Racing New South Wales regulator seeks relief from having to refund over two million dollars it took from interstate gambling provider in fees.
Wednesday 14th July 2010
In Australia, regulator Racing New South Wales has filed a formal appeal against last month’s Federal Court ruling that required it to refund over two million dollars in fees to corporate bookmaker SportsBet Party Limited.
Darwin-based SportsBet is majority-owned by giant online and land-based bookmaker Paddy Power and argued successfully that paying the fees constituted an illegal protection of TabCorp Holdings Limited over interstate gambling providers.
TabCorp's Tab Limited has an exclusive retail licence to provide wagering throughout New South Wales until 2013 and has a 95 percent market share. It pays various fees as part of this licence, which amounted to $221 million for the 2006 to 2007 financial year while its turnover was $3.3 billion last year.

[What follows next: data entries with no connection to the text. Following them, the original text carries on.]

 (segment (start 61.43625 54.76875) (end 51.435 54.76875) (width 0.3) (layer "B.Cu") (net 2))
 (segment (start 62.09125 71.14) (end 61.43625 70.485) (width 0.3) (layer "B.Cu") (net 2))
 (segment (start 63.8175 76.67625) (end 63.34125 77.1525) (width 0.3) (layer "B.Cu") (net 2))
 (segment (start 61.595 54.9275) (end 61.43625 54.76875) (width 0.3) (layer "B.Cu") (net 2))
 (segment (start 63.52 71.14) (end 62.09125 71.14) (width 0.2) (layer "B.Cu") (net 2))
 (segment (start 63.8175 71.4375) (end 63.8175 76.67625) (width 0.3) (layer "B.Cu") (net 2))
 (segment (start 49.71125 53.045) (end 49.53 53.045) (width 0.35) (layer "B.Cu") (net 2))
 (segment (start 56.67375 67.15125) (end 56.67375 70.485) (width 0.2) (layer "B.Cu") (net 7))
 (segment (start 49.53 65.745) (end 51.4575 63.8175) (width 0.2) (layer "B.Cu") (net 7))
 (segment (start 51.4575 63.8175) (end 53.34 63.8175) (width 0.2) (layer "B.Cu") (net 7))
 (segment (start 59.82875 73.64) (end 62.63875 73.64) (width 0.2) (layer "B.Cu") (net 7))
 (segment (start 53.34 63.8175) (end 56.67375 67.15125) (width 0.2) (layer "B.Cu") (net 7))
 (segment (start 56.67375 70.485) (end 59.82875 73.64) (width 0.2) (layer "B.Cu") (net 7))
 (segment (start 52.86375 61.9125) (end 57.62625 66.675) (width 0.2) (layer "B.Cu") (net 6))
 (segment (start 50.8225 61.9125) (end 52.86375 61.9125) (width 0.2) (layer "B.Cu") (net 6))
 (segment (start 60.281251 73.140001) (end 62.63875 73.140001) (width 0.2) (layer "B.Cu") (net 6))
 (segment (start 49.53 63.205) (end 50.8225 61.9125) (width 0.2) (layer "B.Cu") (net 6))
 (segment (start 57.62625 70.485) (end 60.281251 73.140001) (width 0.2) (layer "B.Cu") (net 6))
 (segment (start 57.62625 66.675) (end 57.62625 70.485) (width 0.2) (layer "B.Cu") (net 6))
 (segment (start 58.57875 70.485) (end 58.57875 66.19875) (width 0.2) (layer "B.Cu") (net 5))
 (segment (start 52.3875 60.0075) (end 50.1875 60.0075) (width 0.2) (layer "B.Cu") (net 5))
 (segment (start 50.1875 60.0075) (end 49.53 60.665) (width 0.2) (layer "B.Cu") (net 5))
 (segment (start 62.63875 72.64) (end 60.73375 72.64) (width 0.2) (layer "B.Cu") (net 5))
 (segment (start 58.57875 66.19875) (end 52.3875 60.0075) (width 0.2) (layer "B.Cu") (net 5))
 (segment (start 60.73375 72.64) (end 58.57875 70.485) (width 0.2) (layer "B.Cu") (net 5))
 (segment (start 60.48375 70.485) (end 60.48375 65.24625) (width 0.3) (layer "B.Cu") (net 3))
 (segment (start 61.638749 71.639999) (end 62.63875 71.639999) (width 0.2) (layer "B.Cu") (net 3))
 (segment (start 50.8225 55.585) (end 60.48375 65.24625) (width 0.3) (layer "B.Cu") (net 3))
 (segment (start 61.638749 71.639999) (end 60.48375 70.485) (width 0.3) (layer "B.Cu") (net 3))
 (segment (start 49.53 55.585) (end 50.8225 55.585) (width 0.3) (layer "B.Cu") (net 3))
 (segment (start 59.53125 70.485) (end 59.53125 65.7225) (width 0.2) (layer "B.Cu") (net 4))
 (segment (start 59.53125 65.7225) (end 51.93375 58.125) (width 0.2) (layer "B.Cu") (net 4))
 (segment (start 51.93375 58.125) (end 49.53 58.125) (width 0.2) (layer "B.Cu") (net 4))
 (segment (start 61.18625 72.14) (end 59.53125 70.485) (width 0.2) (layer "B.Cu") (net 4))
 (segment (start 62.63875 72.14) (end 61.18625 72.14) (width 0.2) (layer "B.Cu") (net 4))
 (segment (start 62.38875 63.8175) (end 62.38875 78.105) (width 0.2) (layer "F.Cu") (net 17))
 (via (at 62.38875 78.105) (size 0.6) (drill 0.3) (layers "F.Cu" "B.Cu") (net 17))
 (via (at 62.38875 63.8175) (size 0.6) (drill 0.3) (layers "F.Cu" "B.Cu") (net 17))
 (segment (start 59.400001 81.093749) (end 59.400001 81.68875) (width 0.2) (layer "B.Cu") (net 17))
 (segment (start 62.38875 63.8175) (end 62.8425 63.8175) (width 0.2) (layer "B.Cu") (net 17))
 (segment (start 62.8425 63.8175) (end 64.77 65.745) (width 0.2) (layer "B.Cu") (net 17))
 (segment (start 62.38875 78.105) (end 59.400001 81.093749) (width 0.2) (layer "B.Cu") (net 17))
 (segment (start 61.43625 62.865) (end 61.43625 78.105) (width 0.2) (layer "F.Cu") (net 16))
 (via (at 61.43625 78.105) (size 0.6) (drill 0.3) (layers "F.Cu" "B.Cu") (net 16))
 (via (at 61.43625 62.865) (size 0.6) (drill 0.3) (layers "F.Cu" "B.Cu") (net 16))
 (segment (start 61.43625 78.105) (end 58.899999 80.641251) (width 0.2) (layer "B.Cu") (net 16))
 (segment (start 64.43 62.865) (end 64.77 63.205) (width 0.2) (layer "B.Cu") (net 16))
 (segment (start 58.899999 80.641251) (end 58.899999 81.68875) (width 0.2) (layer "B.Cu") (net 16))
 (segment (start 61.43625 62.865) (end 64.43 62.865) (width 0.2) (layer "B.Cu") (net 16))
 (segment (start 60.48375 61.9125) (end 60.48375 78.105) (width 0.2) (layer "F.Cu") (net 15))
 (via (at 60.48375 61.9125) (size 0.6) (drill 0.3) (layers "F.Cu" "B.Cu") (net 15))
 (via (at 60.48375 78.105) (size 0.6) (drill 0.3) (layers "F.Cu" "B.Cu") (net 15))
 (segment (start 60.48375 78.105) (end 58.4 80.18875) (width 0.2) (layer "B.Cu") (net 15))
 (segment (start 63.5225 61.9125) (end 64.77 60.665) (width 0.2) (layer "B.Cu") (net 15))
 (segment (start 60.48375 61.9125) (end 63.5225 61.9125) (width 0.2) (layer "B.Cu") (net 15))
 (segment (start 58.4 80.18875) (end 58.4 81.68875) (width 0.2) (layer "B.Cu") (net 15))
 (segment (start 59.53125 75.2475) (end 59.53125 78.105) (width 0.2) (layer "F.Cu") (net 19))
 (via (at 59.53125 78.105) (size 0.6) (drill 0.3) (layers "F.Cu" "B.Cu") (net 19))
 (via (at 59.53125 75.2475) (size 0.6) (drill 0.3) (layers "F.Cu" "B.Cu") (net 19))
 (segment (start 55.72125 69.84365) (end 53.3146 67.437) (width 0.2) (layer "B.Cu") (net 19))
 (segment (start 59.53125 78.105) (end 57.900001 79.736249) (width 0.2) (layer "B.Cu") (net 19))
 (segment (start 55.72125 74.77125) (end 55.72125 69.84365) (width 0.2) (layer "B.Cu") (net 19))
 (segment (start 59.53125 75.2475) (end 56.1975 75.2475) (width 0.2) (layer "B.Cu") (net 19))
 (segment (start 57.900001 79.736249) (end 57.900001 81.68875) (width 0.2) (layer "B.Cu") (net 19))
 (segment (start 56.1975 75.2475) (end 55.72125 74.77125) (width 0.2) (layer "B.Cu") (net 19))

Racing New South Wales began charging all bookmakers a 1.5 percent fee on turnover over five million dollars in 2008 for the right to use race field information. The state government promised that this would stop ‘free riding’ by online and telephone bookmakers registered in other states that it said were likely to take $150 million from Tab Limited over the next decade and $719 million by 2028.
However, SportsBet disagreed and took the matter to court with Justice Nye Perram stating that there had been ‘no doubt’ that low-margin interstate corporate bookmakers were a threat to TabCorp but that Racing New South Wales could not portray itself as an independent regulator as it had a commercial gain in Tab Limited’s success and a conflict of interest in imposing fees.

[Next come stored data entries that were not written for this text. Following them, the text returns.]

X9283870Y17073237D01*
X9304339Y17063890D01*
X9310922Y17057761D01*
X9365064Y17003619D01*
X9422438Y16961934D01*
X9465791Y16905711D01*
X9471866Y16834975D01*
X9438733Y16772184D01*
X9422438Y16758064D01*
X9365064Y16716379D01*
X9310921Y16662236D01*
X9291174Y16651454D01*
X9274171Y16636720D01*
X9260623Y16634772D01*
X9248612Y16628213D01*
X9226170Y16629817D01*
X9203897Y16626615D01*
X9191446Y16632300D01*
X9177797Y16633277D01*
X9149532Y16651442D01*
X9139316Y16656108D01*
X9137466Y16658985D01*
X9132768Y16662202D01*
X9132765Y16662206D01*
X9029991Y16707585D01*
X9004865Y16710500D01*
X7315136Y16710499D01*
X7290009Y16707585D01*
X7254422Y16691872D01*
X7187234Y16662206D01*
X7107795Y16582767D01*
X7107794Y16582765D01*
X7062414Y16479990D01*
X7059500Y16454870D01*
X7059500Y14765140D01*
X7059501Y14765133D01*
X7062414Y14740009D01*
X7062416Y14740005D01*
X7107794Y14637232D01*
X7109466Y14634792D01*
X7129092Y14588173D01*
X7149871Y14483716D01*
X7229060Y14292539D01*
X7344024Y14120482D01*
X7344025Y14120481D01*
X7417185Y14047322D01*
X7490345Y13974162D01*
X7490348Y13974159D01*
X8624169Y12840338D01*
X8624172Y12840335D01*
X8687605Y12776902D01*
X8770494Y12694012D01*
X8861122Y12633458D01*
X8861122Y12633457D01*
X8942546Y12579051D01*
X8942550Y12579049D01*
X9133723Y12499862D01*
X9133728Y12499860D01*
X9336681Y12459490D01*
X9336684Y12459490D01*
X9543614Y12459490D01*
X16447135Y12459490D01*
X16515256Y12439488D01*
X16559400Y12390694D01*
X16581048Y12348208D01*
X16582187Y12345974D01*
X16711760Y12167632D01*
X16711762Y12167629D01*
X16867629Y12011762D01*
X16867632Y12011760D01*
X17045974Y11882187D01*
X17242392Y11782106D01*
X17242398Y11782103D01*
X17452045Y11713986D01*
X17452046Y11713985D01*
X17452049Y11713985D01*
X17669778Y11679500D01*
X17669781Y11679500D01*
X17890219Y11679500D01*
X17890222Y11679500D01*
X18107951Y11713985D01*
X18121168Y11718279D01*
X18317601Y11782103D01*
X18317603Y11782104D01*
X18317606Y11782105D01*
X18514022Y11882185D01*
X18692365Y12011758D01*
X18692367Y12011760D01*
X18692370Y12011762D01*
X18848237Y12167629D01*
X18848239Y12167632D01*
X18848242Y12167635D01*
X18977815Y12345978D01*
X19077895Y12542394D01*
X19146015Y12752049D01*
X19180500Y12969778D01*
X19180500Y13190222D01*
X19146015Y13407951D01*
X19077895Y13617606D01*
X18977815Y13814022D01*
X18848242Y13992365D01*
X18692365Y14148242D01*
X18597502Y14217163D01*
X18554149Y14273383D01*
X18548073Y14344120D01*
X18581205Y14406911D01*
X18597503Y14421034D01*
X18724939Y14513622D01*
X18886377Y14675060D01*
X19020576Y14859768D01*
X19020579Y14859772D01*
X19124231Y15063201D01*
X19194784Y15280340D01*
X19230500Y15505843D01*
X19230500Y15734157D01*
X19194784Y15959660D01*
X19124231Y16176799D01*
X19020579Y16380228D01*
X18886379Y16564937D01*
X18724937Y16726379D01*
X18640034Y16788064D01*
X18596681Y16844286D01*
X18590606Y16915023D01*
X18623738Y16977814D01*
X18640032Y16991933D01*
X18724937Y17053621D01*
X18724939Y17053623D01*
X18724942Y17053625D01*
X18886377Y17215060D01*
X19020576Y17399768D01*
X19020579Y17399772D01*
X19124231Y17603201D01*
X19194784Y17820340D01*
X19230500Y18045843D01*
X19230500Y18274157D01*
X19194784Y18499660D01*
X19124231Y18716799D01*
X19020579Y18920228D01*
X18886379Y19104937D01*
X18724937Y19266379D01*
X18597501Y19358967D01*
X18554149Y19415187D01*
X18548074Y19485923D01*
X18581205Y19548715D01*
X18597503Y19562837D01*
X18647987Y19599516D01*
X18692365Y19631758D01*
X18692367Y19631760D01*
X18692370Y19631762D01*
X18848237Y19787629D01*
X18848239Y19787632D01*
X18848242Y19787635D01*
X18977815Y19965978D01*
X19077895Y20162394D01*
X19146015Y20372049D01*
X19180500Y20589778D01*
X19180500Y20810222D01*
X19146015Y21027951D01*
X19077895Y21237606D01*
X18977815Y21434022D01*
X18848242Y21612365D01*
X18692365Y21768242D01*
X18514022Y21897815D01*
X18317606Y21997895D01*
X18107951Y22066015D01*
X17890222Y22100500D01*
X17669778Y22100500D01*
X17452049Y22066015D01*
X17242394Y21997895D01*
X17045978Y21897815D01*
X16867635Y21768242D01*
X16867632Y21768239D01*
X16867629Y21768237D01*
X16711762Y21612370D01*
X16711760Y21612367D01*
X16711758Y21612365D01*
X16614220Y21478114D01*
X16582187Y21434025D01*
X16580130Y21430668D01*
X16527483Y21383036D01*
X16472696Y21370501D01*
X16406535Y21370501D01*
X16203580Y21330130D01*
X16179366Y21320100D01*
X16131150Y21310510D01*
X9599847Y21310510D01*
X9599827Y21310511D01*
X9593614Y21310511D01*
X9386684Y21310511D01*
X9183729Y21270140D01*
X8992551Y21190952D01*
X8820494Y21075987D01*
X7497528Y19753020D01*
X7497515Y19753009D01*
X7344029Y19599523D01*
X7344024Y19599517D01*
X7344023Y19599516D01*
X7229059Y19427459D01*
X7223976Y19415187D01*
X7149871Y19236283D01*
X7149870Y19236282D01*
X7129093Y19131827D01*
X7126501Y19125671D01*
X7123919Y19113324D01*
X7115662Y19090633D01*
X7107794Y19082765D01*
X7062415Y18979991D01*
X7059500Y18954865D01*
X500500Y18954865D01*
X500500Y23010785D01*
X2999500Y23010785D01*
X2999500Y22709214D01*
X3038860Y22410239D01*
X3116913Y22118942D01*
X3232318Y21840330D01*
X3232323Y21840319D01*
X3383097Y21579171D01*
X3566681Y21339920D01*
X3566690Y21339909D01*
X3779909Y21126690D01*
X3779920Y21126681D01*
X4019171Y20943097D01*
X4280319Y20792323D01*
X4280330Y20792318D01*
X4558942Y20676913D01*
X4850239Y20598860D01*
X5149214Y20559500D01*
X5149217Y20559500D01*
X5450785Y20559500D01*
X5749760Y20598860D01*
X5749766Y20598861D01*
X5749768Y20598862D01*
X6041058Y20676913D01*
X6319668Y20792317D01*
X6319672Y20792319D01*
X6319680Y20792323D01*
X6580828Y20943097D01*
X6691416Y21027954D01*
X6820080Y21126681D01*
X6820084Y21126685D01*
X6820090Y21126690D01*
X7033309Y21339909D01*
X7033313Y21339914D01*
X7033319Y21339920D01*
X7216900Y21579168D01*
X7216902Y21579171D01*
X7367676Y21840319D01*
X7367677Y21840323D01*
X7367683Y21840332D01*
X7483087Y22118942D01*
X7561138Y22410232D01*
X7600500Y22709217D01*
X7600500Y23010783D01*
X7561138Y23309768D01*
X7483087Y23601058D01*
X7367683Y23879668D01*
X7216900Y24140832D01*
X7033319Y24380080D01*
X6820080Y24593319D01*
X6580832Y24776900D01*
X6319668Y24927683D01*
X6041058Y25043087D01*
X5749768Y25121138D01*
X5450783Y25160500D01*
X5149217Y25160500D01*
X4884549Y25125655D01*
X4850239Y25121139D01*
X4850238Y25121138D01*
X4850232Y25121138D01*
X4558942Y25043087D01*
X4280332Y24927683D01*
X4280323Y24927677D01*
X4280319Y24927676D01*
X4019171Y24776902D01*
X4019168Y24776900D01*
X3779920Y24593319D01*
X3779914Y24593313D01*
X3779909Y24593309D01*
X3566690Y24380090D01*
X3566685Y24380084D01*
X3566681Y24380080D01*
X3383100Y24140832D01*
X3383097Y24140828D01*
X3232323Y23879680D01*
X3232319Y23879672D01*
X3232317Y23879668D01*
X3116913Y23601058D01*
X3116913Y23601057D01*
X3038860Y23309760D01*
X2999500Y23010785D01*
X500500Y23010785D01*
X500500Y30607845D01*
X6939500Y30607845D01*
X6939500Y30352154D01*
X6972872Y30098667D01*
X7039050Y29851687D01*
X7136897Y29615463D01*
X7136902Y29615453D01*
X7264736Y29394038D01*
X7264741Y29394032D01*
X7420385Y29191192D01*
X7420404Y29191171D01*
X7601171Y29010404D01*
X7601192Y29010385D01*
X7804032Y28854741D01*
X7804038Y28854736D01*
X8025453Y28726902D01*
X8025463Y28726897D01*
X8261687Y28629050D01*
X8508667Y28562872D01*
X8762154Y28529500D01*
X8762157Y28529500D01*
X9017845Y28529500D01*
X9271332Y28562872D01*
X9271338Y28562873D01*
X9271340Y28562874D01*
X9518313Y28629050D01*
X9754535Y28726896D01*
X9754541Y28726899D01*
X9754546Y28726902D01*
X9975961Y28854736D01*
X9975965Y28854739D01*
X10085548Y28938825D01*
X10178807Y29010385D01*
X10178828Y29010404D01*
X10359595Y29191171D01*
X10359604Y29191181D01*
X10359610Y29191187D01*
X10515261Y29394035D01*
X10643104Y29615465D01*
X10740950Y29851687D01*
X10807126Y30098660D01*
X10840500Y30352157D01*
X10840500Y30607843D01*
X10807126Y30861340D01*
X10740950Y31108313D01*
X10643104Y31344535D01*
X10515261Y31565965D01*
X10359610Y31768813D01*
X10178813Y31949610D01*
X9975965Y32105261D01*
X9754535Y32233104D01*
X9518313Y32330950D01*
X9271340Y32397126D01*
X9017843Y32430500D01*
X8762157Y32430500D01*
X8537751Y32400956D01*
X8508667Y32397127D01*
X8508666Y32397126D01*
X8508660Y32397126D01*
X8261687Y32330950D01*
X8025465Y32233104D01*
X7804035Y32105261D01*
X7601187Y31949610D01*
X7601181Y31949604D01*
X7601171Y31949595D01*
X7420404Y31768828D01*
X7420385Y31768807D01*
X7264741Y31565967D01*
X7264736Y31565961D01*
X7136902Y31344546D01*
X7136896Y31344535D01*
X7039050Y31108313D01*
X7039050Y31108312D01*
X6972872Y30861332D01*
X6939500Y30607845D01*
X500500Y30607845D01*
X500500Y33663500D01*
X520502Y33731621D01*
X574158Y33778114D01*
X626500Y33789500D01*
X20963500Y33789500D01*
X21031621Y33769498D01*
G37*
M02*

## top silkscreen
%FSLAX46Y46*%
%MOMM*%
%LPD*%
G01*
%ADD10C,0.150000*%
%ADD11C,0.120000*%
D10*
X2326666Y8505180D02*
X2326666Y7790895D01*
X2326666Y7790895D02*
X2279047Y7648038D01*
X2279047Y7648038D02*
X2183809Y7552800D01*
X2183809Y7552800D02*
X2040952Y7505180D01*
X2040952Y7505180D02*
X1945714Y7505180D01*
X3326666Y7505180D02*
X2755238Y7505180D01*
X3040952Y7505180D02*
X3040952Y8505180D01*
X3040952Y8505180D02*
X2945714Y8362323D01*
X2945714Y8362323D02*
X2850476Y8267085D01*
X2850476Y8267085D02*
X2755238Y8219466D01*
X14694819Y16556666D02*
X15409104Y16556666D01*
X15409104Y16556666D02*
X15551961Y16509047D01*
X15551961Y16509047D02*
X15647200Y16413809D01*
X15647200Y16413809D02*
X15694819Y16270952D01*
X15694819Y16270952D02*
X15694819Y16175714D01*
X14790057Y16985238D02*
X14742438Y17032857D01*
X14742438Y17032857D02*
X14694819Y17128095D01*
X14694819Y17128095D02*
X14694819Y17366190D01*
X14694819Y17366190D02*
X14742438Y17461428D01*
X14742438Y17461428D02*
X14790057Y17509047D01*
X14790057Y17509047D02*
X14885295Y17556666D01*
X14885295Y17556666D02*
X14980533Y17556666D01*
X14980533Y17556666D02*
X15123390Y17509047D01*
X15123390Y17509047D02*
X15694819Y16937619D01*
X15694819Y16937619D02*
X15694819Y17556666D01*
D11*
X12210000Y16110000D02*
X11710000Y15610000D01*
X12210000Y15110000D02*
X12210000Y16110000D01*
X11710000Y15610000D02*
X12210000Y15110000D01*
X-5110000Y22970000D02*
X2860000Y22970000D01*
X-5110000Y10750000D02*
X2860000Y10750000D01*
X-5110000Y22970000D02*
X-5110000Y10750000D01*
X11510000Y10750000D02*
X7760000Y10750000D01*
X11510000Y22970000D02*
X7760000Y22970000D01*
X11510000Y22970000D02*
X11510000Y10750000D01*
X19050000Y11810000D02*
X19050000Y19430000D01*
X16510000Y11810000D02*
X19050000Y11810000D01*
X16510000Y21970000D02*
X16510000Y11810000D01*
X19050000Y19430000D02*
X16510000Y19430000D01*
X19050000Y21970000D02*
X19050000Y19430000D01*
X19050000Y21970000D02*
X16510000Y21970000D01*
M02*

Justice Perram ruled that the race field legislation was legal but the methods used to collect the fees were discriminatory. He ordered Racing New South Wales to refund $2.1 million in collected in fees from SportsBet for the nine-month period up until the end of the previous financial year.
However, he has since dismissed an application from SportsBet that would have seen the bookmaker recover the fees it paid for the 2009/10 financial year.
Racing New South Wales has now modified the race field information scheme by eliminating the five million dollar fee-free threshold, which means that all wagering operators must pay the 1.5 percent fee from the very first dollar bet.